Who is Andrew Harvey?
Andrew Harvey (born 9 June 1952, Coimbatore, India) is a British author and scholar of mysticism. He has worked across Hindu, Buddhist, Sufi, and Christian contemplative traditions, and is one of the foremost translators of Rumi into English. Since 2005 his focus has been Sacred Activism, a practice-framework he describes as the union of deep mystical knowledge with focused action in the world. He is the founder of the Institute of Sacred Activism.

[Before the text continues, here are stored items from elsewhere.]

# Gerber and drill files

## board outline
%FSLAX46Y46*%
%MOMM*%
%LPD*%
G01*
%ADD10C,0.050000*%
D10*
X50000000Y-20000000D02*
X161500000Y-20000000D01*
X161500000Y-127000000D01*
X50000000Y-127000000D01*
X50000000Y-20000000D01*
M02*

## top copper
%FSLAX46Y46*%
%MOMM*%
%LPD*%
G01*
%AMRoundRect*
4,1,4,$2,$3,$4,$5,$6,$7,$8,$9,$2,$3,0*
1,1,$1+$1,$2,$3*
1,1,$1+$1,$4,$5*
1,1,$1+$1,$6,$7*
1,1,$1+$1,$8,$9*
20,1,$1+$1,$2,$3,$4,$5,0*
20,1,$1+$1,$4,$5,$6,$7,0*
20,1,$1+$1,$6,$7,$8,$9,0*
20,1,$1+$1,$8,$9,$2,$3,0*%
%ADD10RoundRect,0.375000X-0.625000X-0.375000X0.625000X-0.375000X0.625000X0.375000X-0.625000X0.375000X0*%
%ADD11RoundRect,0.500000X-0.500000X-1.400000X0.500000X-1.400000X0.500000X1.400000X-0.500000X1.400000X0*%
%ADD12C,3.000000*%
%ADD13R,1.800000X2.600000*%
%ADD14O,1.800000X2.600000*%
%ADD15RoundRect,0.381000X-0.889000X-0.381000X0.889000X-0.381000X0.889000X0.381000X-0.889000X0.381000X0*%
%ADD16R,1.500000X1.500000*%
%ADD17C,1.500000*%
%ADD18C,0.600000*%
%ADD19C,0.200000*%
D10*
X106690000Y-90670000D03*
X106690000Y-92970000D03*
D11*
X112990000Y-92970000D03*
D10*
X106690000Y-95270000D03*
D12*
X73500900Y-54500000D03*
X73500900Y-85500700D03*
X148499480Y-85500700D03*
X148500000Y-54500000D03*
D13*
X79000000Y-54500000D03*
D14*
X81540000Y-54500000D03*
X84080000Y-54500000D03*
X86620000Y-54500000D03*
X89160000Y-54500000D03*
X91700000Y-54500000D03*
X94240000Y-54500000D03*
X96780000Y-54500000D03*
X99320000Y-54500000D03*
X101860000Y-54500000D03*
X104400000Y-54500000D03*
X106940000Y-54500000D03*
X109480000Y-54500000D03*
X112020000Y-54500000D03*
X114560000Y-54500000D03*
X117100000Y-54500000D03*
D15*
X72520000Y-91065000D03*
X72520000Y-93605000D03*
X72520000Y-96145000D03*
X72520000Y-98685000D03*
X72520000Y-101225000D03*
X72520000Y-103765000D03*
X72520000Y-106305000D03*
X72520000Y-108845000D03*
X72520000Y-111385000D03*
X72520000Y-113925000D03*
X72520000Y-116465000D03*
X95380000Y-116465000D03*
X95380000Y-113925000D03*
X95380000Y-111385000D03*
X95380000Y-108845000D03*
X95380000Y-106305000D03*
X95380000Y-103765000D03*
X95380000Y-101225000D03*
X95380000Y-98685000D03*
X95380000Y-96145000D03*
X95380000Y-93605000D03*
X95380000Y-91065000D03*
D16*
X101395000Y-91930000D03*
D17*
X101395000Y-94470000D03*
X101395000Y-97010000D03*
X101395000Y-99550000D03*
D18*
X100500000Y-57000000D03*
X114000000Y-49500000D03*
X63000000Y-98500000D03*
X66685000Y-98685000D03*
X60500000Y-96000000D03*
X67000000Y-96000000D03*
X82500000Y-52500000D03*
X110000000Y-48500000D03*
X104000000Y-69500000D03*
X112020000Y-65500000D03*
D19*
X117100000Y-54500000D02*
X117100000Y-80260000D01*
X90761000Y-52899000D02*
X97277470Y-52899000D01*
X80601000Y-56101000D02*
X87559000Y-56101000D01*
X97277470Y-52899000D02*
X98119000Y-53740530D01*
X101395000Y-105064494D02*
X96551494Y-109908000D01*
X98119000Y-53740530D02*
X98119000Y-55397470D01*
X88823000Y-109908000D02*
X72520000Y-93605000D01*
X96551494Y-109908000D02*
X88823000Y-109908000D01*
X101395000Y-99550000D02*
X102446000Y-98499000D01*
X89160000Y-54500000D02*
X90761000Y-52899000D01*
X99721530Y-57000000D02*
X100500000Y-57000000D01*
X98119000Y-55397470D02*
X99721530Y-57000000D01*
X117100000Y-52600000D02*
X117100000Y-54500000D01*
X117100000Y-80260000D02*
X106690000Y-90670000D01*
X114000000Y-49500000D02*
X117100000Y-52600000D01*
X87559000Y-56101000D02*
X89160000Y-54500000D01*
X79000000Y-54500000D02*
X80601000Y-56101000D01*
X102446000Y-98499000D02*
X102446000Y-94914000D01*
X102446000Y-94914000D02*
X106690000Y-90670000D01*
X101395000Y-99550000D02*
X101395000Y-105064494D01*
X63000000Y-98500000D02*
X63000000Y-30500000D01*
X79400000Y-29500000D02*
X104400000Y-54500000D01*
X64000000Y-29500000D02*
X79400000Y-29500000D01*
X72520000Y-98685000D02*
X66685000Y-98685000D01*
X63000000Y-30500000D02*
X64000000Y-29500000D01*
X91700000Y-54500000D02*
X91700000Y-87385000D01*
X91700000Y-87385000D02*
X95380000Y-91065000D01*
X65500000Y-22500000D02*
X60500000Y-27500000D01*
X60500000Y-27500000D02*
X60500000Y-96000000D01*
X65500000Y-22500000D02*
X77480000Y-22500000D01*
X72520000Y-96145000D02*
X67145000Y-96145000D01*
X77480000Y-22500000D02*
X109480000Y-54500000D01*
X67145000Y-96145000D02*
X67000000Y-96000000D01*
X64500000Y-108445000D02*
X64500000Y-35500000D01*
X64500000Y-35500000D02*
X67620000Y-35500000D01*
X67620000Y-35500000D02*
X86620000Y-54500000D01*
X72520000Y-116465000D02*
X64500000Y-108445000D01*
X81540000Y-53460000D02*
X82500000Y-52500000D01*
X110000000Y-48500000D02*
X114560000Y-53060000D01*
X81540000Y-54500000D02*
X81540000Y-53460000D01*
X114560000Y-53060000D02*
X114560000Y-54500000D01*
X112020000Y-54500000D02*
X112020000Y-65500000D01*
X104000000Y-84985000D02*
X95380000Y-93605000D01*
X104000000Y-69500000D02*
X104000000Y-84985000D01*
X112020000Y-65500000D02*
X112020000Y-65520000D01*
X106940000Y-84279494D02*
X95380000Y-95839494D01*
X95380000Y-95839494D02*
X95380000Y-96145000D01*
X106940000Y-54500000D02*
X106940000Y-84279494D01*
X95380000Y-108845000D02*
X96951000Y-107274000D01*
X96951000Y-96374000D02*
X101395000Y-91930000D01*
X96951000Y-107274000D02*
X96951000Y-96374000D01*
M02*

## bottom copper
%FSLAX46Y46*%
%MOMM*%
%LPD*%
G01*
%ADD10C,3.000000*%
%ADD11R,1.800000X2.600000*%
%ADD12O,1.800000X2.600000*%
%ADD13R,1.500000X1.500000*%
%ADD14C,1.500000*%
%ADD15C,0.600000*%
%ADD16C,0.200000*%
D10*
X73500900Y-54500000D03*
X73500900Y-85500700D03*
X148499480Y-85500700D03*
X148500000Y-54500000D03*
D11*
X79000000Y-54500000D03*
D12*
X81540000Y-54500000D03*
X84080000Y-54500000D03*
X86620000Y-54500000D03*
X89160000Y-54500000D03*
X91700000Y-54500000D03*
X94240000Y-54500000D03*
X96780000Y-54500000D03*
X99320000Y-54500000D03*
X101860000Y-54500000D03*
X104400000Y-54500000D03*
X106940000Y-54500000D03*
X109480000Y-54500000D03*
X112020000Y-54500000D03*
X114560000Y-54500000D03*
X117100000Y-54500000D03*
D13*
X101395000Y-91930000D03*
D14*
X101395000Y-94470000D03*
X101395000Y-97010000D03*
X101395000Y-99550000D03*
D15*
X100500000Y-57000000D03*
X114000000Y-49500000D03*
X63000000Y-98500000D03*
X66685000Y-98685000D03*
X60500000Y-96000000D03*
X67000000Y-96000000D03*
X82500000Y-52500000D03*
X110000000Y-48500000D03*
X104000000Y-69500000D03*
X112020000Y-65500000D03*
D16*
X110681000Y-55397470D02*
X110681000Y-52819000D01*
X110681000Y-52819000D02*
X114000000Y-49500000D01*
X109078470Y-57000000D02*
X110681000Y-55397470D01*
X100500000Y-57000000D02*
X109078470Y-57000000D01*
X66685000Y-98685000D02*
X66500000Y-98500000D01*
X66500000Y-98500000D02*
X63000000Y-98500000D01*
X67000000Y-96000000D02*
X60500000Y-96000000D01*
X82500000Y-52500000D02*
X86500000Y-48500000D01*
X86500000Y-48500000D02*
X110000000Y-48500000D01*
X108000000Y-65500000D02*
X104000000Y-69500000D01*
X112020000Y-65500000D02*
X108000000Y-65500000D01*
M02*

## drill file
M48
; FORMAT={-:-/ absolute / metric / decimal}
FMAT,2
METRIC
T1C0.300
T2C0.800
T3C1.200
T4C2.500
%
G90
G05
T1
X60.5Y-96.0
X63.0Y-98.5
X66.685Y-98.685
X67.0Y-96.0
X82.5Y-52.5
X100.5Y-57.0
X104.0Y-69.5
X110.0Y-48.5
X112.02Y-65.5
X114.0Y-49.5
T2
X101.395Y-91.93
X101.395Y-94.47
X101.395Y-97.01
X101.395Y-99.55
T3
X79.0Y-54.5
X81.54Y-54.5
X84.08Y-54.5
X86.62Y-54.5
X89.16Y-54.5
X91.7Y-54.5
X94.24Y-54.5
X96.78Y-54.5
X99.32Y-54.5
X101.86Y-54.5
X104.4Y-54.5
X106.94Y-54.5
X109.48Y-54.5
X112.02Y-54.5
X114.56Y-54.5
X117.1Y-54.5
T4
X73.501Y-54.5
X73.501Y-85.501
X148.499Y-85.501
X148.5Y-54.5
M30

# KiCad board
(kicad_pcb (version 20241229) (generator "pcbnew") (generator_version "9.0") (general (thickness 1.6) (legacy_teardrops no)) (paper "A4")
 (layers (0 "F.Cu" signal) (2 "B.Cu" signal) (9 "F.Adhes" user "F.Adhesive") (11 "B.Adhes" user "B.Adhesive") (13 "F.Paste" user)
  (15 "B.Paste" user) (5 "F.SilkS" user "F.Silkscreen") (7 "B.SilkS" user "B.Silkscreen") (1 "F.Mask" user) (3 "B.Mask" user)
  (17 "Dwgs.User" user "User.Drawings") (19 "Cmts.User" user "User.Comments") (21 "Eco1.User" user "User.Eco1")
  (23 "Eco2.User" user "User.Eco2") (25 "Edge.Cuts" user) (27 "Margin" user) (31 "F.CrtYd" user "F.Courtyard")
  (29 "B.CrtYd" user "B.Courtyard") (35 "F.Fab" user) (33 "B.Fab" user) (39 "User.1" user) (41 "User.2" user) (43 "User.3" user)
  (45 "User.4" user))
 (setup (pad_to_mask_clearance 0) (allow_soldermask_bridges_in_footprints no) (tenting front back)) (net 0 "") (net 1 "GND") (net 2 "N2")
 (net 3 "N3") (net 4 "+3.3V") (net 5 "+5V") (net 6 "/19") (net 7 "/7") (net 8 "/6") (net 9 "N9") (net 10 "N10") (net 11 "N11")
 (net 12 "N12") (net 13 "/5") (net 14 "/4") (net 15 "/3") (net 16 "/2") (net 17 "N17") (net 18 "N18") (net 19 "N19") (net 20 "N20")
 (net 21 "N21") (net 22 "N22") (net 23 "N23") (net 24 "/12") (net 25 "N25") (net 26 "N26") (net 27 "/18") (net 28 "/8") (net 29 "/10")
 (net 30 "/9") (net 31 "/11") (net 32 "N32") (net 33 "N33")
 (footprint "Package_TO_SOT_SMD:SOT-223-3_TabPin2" (layer "F.Cu") (at 109.84 92.97)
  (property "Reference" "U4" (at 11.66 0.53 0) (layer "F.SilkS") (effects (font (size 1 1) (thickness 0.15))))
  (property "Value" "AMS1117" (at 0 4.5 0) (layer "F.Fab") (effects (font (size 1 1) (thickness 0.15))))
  (pad "1" smd roundrect (at -3.15 -2.3) (size 2 1.5) (layers "F.Cu" "F.Mask" "F.Paste") (roundrect_rratio 0.25) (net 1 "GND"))
  (pad "2" smd roundrect (at -3.15 0) (size 2 1.5) (layers "F.Cu" "F.Mask" "F.Paste") (roundrect_rratio 0.25) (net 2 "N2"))
  (pad "2" smd roundrect (at 3.15 0) (size 2 3.8) (layers "F.Cu" "F.Mask" "F.Paste") (roundrect_rratio 0.25) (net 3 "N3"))
  (pad "3" smd roundrect (at -3.15 2.3) (size 2 1.5) (layers "F.Cu" "F.Mask" "F.Paste") (roundrect_rratio 0.25) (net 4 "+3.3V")))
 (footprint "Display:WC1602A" (layer "F.Cu") (at 79 54.5)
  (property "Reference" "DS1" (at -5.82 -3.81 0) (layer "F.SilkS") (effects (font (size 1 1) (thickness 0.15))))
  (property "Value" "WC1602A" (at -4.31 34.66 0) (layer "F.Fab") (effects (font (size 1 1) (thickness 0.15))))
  (pad "" thru_hole circle (at -5.4991 0) (size 3 3) (drill 2.5) (layers "*.Cu" "*.Mask") (remove_unused_layers no))
  (pad "" thru_hole circle (at -5.4991 31.0007) (size 3 3) (drill 2.5) (layers "*.Cu" "*.Mask") (remove_unused_layers no))
  (pad "" thru_hole circle (at 69.49948 31.0007) (size 3 3) (drill 2.5) (layers "*.Cu" "*.Mask") (remove_unused_layers no))
  (pad "" thru_hole circle (at 69.5 0) (size 3 3) (drill 2.5) (layers "*.Cu" "*.Mask") (remove_unused_layers no))
  (pad "1" thru_hole rect (at 0 0) (size 1.8 2.6) (drill 1.2) (layers "*.Cu" "*.Mask") (remove_unused_layers no) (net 1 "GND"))
  (pad "2" thru_hole oval (at 2.54 0) (size 1.8 2.6) (drill 1.2) (layers "*.Cu" "*.Mask") (remove_unused_layers no) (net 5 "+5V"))
  (pad "3" thru_hole oval (at 5.08 0) (size 1.8 2.6) (drill 1.2) (layers "*.Cu" "*.Mask") (remove_unused_layers no) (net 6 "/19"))
  (pad "4" thru_hole oval (at 7.62 0) (size 1.8 2.6) (drill 1.2) (layers "*.Cu" "*.Mask") (remove_unused_layers no) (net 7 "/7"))
  (pad "5" thru_hole oval (at 10.16 0) (size 1.8 2.6) (drill 1.2) (layers "*.Cu" "*.Mask") (remove_unused_layers no) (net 1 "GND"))
  (pad "6" thru_hole oval (at 12.7 0) (size 1.8 2.6) (drill 1.2) (layers "*.Cu" "*.Mask") (remove_unused_layers no) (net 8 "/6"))
  (pad "7" thru_hole oval (at 15.24 0) (size 1.8 2.6) (drill 1.2) (layers "*.Cu" "*.Mask") (remove_unused_layers no) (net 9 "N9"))
  (pad "8" thru_hole oval (at 17.78 0) (size 1.8 2.6) (drill 1.2) (layers "*.Cu" "*.Mask") (remove_unused_layers no) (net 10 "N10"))
  (pad "9" thru_hole oval (at 20.32 0) (size 1.8 2.6) (drill 1.2) (layers "*.Cu" "*.Mask") (remove_unused_layers no) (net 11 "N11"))
  (pad "10" thru_hole oval (at 22.86 0) (size 1.8 2.6) (drill 1.2) (layers "*.Cu" "*.Mask") (remove_unused_layers no) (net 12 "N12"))
  (pad "11" thru_hole oval (at 25.4 0) (size 1.8 2.6) (drill 1.2) (layers "*.Cu" "*.Mask") (remove_unused_layers no) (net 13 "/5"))
  (pad "12" thru_hole oval (at 27.94 0) (size 1.8 2.6) (drill 1.2) (layers "*.Cu" "*.Mask") (remove_unused_layers no) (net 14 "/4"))
  (pad "13" thru_hole oval (at 30.48 0) (size 1.8 2.6) (drill 1.2) (layers "*.Cu" "*.Mask") (remove_unused_layers no) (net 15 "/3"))
  (pad "14" thru_hole oval (at 33.02 0) (size 1.8 2.6) (drill 1.2) (layers "*.Cu" "*.Mask") (remove_unused_layers no) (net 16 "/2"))
  (pad "15" thru_hole oval (at 35.56 0) (size 1.8 2.6) (drill 1.2) (layers "*.Cu" "*.Mask") (remove_unused_layers no) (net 5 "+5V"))
  (pad "16" thru_hole oval (at 38.1 0) (size 1.8 2.6) (drill 1.2) (layers "*.Cu" "*.Mask") (remove_unused_layers no) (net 1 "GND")))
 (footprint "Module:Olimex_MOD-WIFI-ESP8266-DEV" (layer "F.Cu") (at 83.95 103.765)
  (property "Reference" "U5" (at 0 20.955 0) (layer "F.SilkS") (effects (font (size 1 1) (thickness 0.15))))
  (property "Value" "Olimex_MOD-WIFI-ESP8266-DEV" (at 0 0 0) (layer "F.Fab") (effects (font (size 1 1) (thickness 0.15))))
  (pad "1" smd roundrect (at -11.43 -12.7) (size 2.54 1.524) (layers "F.Cu" "F.Mask" "F.Paste") (roundrect_rratio 0.25) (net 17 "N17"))
  (pad "2" smd roundrect (at -11.43 -10.16) (size 2.54 1.524) (layers "F.Cu" "F.Mask" "F.Paste") (roundrect_rratio 0.25) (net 1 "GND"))
  (pad "3" smd roundrect (at -11.43 -7.62) (size 2.54 1.524) (layers "F.Cu" "F.Mask" "F.Paste") (roundrect_rratio 0.25) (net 15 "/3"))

Andrew Harvey vs adjacent figures
Huston Smith and Aldous Huxley both argued for the perennial philosophy, the idea that the world's traditions converge on one underlying recognition. But they were scholars. Harvey is also a practitioner and, since 2005, an activist. Thomas Merton came closest to Harvey's range, engaging Christianity, Zen, and the contemplative East. But Merton died in 1968, before the activist turn Harvey would later name. Harvey is distinctive in insisting that mystical realisation must produce action. Silence alone, he argues, is not enough.
Oxford to India
Harvey grew up in India before being sent to English boarding schools. At twenty-one he became a fellow at All Souls College, Oxford, where he taught Shakespeare and French literature. By 1977 he had grown disillusioned with academic life and returned to India. A series of mystical experiences began his contemplative formation. In 1983 he travelled to Ladakh, met the Tibetan Buddhist teacher Thuksey Rinpoche, and took Mahayana bodhisattva vows. He published the account as A Journey in Ladakh that same year. From 1984 he spent a decade in Paris studying Sufism and the poetry of Rumi with Eva de Vitray-Meyerovitch, the leading French translator of Rumi. In 1990 he co-edited The Tibetan Book of Living and Dying with Sogyal Rinpoche. In 1992, near Coimbatore, he met Father Bede Griffiths at the latter's ashram in south India. Harvey credited that encounter with reconciling the Eastern and Western mystical streams for him.
Sacred Activism
Harvey's memoir Hidden Journey (1991) describes his relationship with the Indian spiritual teacher Mother Meera as a turning-point. A subsequent falling-out with her led to The Sun at Midnight (2002), an account of disillusion with the guru relationship. Harvey has framed these ruptures as formative rather than merely painful, purgations that stripped idealism and sharpened focus. Since 2005 the centre of his teaching has been Sacred Activism, set out in The Hope: A Guide to Sacred Activism (2009). The core claim is that mysticism without action becomes self-indulgent, and activism without a contemplative root burns out. He sees this convergence as the necessary response to what he calls the planetary crisis. He names Sri Aurobindo, Rumi, Ramakrishna, Jesus, and the Buddha as his principal guides across traditions.
In the index
Harvey's work connects several threads running through the lexicon. His Rumi translations belong to the wider story told under Sufism and Rumi. His cross-tradition synthesis draws directly on the perennial philosophy. His critique of spiritual bypassing places his work in dialogue with the entries on awakening and ego. His Christian mysticism strand connects to Thomas Merton and contemplative prayer. No item is currently catalogued under his name, but his influence surfaces across the teachers whose work is collected here.